- _Requirement_
Which lines below fall between the one containing "X125500000Y-107884819D02*" and the one containing "X102333333Y-99304819D01*"? Repeat them exactly, counting both of those lines, and add nothing else.

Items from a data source
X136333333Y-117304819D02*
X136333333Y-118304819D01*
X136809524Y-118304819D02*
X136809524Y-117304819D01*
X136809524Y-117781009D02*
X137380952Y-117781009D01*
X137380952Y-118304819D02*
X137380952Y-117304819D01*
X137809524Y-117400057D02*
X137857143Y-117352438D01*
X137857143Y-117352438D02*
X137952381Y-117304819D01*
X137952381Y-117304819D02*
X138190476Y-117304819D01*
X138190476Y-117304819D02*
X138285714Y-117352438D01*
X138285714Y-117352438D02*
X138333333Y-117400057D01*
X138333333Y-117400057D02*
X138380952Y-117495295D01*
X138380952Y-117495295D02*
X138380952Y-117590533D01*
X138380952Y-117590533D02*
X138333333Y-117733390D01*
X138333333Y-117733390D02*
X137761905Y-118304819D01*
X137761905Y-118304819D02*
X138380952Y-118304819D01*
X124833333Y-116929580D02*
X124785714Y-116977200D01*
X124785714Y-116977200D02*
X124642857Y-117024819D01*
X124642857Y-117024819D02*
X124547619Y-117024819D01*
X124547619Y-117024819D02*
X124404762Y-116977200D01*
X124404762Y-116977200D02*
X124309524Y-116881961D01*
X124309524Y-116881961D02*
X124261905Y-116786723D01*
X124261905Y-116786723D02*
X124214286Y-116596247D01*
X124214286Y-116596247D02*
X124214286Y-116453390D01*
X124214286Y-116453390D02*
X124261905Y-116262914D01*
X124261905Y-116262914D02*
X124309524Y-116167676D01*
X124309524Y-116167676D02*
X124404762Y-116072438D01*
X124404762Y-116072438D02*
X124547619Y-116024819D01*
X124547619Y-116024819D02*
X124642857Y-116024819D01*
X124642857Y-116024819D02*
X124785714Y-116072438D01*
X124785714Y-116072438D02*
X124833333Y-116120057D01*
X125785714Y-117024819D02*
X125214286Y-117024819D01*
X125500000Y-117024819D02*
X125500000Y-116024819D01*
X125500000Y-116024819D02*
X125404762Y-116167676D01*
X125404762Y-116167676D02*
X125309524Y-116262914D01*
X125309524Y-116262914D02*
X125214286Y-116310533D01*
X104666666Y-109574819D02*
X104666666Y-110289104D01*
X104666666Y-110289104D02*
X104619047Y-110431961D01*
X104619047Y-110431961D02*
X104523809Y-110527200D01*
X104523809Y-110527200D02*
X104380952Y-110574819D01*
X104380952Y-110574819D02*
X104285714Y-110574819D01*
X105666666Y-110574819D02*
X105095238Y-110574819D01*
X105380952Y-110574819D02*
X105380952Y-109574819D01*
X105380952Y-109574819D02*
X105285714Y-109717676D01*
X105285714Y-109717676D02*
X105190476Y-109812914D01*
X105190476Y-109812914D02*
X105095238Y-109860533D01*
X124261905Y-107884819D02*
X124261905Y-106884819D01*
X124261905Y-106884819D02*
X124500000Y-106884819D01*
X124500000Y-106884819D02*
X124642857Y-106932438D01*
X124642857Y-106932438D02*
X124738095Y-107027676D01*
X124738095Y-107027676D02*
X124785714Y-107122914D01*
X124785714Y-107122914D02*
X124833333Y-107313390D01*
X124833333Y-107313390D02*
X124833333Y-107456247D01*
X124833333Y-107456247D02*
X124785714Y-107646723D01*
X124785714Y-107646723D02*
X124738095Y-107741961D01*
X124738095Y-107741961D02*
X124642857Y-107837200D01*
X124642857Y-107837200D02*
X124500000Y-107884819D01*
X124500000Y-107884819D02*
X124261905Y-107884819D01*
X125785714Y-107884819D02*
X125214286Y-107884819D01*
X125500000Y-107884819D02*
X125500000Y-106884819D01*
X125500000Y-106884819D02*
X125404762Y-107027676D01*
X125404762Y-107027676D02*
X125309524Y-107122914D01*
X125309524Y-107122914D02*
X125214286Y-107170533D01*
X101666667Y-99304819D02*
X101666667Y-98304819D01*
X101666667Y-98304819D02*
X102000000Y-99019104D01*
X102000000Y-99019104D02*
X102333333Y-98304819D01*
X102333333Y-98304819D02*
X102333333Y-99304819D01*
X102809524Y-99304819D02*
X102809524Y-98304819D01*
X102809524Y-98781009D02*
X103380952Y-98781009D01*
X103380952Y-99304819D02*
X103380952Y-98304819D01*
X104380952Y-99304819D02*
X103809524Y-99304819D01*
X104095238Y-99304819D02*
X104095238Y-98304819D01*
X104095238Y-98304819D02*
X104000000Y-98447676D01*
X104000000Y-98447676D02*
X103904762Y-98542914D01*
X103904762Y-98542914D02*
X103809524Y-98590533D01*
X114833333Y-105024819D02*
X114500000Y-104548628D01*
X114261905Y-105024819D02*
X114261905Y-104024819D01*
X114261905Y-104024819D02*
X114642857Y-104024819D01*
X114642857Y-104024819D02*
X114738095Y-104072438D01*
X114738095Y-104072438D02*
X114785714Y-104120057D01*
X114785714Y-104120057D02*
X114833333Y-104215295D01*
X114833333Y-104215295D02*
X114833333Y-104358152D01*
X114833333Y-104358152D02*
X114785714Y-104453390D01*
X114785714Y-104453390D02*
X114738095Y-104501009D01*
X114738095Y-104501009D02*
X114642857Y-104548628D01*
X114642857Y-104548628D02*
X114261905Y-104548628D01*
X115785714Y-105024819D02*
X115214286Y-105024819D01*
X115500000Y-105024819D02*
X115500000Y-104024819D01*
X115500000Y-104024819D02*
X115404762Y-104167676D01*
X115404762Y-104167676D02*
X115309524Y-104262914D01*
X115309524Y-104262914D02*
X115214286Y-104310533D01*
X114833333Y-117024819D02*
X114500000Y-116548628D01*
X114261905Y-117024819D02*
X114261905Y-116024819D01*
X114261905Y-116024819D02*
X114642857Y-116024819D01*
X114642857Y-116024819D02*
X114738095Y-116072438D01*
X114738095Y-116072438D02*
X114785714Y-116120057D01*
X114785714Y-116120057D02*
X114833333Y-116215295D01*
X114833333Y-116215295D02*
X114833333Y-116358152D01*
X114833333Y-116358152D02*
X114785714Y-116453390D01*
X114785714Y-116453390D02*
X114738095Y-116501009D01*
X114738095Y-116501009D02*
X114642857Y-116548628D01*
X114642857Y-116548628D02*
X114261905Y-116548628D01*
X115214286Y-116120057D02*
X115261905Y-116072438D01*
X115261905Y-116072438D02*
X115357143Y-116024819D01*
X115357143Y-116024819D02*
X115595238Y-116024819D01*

...

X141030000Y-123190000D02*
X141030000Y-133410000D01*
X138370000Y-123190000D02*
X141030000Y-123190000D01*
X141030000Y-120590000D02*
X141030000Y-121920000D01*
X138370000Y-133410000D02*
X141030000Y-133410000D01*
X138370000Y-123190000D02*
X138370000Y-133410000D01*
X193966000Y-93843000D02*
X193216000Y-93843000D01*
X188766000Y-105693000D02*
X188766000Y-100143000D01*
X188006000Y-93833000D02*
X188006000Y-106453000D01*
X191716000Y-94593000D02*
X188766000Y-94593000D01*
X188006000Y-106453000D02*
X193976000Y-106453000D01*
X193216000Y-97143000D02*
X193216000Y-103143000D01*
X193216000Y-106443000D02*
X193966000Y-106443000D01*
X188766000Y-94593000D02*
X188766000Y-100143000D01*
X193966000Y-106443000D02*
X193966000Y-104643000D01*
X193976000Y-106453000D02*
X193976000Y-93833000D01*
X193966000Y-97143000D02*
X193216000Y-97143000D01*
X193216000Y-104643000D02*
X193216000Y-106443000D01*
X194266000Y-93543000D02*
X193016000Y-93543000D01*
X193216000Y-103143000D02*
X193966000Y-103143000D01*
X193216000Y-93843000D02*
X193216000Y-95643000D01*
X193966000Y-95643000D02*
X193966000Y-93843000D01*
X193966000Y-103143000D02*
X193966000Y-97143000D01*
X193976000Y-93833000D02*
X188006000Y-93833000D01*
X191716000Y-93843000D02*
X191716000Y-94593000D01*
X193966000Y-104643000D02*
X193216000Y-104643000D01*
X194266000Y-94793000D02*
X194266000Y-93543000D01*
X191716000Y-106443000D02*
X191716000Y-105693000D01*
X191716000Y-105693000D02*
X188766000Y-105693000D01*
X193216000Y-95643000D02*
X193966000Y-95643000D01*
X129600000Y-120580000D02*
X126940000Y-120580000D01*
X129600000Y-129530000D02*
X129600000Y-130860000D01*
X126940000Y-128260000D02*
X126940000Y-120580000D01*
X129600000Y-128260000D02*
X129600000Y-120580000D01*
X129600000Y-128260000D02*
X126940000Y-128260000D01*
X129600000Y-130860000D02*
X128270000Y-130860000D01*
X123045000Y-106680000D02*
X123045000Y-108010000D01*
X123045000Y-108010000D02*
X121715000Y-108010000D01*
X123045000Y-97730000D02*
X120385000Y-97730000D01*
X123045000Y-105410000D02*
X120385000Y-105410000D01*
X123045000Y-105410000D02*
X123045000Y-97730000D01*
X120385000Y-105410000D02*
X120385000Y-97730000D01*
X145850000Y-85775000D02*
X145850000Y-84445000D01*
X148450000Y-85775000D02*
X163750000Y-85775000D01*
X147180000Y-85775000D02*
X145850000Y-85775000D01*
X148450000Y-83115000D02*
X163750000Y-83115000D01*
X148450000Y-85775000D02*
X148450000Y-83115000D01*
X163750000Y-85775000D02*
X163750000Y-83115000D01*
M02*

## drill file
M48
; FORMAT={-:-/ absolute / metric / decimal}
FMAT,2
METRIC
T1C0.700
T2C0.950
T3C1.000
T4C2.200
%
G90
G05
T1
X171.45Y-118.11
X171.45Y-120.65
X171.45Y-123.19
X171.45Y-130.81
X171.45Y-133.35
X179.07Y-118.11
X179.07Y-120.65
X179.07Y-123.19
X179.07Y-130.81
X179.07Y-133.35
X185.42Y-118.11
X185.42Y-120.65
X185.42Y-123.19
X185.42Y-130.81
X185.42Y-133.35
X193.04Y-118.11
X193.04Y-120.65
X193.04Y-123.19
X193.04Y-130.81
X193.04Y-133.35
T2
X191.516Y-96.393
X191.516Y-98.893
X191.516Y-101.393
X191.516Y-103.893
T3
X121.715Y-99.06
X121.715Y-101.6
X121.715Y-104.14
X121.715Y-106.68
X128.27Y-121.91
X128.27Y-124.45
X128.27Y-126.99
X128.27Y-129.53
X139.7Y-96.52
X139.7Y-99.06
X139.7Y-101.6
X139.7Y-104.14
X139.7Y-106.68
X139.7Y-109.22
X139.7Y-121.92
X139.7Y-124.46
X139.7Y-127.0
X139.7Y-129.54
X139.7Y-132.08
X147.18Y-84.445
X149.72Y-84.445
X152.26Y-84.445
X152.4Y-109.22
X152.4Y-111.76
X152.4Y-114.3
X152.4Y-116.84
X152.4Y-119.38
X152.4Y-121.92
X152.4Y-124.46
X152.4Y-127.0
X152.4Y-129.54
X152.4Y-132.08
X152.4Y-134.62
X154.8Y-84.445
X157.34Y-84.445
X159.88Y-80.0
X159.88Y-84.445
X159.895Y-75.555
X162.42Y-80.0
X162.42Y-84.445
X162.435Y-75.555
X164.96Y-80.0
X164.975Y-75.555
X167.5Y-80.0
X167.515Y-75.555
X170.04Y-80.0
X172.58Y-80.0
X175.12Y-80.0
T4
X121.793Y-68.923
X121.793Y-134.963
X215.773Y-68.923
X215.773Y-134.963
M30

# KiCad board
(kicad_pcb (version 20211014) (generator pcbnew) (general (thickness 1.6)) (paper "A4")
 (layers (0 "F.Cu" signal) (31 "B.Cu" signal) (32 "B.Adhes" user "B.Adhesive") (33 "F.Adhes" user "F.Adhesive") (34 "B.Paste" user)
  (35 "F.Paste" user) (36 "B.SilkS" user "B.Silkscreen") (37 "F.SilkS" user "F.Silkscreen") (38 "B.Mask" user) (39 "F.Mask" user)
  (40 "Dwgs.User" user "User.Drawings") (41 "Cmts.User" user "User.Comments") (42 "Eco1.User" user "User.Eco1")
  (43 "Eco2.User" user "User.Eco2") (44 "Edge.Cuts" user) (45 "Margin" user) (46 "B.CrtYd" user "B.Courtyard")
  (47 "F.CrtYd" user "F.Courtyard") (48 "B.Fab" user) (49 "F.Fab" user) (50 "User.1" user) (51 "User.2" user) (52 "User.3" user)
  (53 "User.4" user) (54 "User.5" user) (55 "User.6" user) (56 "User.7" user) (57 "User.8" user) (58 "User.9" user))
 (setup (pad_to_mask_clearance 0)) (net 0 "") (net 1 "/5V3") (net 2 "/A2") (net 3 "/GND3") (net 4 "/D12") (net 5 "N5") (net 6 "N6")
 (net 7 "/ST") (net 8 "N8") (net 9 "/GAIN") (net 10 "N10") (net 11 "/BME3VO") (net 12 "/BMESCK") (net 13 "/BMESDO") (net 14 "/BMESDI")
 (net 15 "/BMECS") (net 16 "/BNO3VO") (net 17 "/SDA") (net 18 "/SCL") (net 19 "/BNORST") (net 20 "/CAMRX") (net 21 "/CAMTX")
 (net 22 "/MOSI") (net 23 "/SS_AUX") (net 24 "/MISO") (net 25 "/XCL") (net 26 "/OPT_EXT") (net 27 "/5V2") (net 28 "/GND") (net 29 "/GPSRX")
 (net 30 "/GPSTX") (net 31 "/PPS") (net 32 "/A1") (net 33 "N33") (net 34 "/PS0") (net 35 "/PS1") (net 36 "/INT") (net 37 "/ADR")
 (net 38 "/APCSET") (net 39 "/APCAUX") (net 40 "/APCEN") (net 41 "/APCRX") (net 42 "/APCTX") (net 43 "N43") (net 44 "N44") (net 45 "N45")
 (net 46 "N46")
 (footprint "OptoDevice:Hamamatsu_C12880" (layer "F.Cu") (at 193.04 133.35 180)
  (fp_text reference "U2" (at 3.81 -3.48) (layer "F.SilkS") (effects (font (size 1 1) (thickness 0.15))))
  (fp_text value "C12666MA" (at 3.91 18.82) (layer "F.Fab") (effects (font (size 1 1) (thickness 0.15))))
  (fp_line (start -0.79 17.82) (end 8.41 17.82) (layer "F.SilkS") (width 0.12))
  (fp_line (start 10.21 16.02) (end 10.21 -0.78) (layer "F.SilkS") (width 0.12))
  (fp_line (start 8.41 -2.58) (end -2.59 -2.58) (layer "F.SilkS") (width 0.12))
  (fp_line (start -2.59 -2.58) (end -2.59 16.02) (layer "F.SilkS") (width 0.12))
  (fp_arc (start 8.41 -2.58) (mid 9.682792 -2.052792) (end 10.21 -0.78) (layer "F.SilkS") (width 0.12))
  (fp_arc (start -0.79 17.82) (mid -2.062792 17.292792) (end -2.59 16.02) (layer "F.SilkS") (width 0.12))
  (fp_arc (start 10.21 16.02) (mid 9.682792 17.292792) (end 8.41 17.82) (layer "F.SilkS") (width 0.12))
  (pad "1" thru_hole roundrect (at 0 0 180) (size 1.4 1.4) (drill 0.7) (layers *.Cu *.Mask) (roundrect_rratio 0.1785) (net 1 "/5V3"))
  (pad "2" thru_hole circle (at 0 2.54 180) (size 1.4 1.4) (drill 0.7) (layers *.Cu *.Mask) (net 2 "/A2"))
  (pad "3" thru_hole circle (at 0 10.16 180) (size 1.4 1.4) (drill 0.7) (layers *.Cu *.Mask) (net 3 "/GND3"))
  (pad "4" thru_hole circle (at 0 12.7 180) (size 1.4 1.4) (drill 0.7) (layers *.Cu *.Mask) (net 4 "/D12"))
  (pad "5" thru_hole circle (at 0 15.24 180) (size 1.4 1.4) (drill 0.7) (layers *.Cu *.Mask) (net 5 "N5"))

- _Answer section_
X125500000Y-107884819D02*
X125500000Y-106884819D01*
X125500000Y-106884819D02*
X125404762Y-107027676D01*
X125404762Y-107027676D02*
X125309524Y-107122914D01*
X125309524Y-107122914D02*
X125214286Y-107170533D01*
X101666667Y-99304819D02*
X101666667Y-98304819D01*
X101666667Y-98304819D02*
X102000000Y-99019104D01*
X102000000Y-99019104D02*
X102333333Y-98304819D01*
X102333333Y-98304819D02*
X102333333Y-99304819D01*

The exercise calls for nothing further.